Perhaps it cannot be all that bad. We are growing at 7 per cent. But this has made your government shockingly complacent. This growth is a testament to the resilience and perseverance of the Indian people, who are finding ways of innovating. But there are two reasons for worry. First, as you know, employment elasticity of capital-based growth is falling globally. India needs to grow faster if it is to absorb the countless aspiring young men and women trying to make something of themselves. Second, all of the things we now need to do for a more participatory economy — health, education, infrastructure, building cities, research and development, water, energy — have long gestation periods. But time is of the essence. Our demography is giving us a short-term boost. Despite global uncertainty, this is a huge moment of opportunity for India. But this opportunity will not last, and if we miss this decade, we shall forever be condemned to poverty.

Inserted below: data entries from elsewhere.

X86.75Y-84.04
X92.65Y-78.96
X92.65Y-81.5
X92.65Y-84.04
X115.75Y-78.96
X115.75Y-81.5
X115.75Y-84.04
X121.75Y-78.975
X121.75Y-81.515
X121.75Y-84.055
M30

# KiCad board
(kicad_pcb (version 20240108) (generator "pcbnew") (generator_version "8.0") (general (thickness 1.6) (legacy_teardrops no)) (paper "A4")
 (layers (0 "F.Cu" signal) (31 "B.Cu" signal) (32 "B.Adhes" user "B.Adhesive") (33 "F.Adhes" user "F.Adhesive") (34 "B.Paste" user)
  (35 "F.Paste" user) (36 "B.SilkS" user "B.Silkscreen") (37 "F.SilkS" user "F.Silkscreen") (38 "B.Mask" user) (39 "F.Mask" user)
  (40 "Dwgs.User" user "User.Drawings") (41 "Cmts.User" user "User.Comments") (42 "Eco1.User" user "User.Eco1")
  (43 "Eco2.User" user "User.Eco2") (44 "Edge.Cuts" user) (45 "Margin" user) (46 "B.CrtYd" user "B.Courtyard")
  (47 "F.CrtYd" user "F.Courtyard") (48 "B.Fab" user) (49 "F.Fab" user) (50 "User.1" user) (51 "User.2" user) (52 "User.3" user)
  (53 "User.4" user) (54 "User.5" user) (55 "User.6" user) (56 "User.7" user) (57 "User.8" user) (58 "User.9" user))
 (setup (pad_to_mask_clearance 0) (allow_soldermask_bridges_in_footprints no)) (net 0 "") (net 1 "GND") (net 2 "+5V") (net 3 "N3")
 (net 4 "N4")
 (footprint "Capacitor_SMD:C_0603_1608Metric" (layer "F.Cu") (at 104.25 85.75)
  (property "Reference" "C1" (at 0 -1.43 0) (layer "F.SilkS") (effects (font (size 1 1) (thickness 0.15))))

The political judgment reflected in your policies is inexplicable. FDI in retail may be a sound idea. But it is hard for you to sell it with any degree of conviction. It is apparent to everyone that retail FDI is not backed by a will to reform. It is a low-hanging fruit plucked by a desperate government that has brought India's external economic balance to precariousness. It would have been easier to sell the idea after a Parliament session where your party had regained some credibility through legislative achievement. You place great stock in the land acquisition bill. But rather than working for its quick passage, your government again introduces distractions. In your rare parliamentary interventions you announce that the Lokpal will be a constitutional body, as if that elliptical statement substitutes for all the political hard work that needs to be done to get consensus on an effective bill. Will you invest political capital in these issues, or wave your hand as if it is the Congress's birth right to do whatever it pleases. There is no follow-through on anything.

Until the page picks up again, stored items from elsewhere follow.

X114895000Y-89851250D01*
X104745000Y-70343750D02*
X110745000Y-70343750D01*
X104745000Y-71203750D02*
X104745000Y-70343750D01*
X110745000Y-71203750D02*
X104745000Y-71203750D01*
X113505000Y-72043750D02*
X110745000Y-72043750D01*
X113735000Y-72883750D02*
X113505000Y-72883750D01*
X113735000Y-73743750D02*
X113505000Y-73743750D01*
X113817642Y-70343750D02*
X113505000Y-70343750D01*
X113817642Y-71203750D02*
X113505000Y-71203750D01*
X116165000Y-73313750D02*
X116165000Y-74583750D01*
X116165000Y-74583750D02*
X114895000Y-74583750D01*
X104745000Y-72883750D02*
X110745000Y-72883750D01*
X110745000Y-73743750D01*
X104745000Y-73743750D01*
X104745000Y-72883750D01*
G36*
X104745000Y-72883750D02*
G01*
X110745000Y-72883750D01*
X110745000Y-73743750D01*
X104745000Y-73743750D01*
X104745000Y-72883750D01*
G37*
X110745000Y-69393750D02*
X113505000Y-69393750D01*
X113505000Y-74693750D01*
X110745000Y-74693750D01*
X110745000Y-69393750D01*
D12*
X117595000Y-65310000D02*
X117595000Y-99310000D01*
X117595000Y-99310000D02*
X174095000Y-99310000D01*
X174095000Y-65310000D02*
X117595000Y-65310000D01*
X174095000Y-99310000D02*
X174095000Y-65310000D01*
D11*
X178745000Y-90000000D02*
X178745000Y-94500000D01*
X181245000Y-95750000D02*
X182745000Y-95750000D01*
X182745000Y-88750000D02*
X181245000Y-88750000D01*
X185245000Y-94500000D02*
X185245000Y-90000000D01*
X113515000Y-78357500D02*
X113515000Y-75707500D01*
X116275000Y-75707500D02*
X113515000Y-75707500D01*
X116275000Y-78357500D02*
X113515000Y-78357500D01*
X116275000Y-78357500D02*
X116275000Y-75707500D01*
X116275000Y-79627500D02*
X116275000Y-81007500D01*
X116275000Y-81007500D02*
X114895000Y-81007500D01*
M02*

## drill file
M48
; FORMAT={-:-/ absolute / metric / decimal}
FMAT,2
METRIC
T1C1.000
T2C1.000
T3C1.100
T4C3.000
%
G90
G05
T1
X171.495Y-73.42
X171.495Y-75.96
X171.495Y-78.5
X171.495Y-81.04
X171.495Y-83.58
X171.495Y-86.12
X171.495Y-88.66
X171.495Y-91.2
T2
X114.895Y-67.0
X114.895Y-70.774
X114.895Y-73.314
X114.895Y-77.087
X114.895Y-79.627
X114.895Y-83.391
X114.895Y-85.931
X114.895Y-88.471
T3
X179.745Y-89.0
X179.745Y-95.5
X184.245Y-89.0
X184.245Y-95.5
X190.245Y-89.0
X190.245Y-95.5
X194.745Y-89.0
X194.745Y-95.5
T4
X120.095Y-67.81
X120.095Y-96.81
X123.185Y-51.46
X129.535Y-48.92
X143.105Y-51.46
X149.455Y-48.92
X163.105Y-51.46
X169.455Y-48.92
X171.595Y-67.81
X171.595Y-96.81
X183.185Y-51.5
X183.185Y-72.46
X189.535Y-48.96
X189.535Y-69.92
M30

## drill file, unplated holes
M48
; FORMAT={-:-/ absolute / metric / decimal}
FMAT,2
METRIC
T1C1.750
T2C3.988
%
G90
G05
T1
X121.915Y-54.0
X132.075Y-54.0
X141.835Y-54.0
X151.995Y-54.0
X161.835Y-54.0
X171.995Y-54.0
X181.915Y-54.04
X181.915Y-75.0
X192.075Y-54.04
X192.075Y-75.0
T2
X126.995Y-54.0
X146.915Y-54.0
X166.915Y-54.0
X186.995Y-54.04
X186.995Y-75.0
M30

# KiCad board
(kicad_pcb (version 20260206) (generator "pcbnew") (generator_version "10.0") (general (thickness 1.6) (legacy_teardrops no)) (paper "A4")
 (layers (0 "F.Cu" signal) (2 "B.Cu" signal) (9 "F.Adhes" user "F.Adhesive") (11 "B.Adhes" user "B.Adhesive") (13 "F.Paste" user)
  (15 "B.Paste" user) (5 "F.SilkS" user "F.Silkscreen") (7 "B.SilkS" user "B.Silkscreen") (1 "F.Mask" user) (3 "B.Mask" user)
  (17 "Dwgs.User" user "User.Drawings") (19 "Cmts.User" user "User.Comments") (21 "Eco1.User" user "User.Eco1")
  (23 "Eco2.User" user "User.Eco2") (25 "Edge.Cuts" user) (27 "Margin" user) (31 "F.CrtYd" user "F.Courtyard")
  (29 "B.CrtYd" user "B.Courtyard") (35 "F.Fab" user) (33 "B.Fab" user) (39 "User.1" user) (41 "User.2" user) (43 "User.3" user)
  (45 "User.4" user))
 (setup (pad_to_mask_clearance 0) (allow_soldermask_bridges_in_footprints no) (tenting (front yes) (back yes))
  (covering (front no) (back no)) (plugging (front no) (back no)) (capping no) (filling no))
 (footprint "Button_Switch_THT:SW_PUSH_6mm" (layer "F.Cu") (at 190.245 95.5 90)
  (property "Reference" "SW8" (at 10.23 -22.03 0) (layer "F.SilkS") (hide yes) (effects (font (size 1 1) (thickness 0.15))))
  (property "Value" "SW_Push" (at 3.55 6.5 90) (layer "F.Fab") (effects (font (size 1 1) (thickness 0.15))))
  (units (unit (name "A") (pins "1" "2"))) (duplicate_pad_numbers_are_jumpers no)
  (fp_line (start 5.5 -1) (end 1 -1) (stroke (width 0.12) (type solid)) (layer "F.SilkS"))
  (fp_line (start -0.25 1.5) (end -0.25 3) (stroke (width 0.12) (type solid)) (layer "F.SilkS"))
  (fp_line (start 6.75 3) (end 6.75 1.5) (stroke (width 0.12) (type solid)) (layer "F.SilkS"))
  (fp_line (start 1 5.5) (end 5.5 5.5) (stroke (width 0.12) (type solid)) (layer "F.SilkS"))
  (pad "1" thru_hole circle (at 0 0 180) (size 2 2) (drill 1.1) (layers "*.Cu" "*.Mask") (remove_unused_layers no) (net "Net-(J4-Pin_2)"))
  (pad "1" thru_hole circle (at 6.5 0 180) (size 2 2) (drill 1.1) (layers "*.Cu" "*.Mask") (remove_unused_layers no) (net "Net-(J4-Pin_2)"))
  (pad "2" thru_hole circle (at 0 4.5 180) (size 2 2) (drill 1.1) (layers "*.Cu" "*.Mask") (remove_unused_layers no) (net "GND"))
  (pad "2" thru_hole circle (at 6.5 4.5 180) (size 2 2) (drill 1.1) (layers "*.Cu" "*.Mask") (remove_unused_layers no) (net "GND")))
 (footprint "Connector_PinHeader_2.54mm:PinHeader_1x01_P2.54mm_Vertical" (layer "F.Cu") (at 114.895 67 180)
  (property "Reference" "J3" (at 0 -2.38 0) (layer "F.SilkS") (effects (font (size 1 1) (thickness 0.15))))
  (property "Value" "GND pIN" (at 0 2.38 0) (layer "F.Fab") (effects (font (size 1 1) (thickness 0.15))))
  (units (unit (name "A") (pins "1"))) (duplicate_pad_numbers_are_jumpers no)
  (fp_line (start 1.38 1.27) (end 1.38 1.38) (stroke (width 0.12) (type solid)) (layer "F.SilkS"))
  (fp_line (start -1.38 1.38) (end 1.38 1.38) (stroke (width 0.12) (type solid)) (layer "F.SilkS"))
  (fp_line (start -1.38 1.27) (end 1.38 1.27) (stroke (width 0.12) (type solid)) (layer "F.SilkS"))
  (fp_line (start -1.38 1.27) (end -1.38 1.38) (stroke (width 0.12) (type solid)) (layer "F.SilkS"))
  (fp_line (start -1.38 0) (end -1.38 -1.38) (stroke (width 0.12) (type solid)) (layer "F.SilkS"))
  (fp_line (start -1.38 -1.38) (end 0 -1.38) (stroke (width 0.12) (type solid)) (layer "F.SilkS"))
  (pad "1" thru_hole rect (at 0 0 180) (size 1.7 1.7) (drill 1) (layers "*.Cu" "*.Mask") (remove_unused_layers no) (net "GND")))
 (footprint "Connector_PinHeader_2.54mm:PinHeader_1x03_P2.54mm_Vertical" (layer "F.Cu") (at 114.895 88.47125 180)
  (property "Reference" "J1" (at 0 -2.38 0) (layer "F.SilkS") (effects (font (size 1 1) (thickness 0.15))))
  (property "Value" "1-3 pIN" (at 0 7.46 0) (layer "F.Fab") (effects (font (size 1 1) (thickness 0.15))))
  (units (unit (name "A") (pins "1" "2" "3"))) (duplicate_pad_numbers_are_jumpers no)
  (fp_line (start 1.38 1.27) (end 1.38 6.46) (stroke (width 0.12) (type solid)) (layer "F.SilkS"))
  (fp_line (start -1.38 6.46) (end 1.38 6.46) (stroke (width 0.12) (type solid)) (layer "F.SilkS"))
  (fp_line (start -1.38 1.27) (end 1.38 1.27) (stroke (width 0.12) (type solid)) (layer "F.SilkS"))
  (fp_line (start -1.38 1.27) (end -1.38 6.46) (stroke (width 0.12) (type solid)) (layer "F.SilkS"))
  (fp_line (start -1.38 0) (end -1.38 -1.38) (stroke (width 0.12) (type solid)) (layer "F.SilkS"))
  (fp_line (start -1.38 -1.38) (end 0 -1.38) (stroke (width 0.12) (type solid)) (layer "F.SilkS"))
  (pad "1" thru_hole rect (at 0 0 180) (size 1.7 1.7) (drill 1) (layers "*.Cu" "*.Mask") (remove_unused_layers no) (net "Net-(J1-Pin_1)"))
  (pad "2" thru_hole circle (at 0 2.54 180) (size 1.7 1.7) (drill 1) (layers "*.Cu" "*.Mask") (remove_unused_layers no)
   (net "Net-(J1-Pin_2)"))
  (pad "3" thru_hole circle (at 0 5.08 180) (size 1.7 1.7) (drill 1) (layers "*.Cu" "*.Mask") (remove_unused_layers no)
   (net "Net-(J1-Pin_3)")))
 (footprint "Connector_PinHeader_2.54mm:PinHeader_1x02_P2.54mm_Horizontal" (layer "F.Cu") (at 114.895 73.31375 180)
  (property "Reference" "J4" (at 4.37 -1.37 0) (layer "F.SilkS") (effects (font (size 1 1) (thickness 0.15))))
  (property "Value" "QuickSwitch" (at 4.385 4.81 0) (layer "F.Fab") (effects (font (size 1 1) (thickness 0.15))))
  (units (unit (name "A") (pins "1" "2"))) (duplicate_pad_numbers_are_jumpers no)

The use of state power by the Congress has been ruthless, the corrosion of public discourse unconscionable, and the anti-intellectualism mind-boggling. Mayawati may run a corrupt government. But she had the audaciousness of proposing the reorganisation of the state. You have waxed eloquent about the plight of Bundelkhand. Where are your arguments to this proposal that grants self-government to the region? You are faced with a potentially debilitating conflict over Telangana. Where do you see the future of Indian states and the place of mega cities like Hyderabad in them? You have focused attention on India's poor. But you appear to use the poor more than you want to trust their agency. Most citizens of India understand that we need to build the state in the right places. What they do not understand is waste in the name of welfare, centralisation in the name of accountability, and bureaucratic power in the place of innovation. Rather than engage on pathways out of poverty, your government seems to want to douse them with noblesse oblige. India needs more social programmes. But the way in which your government designs them, presumably with your imprimatur, ensures that they will not meet their objectives. Your party is trapped in two illusions. First, governance and politics are different issues. Second, only those policies that specifically address poor people affect the poor. You wreck the macro-economy in the name of the poor, and then cheat the poor because you refuse to govern.

Our generation — those of us in our forties — has a historical responsibility like no other. The preceding generations struggled against great odds. Ours is the first genuinely post-colonial generation in this sense: the outside world cannot hold us down. Ours is the first generation that began to genuinely feel that India need not remain impoverished. But our window of opportunity is small. What does it say about your leadership that both those sentiments now seem to be on shaky foundations? That subtlest of things on which nations are made — self-belief — is fast eroding. Great leadership converts ordinary talent into something exceptional, constraint into opportunity. Your party diminishes talent, converts opportunity into constraint. Your party-building efforts are needed. But will the party be built on the ruins of the nation?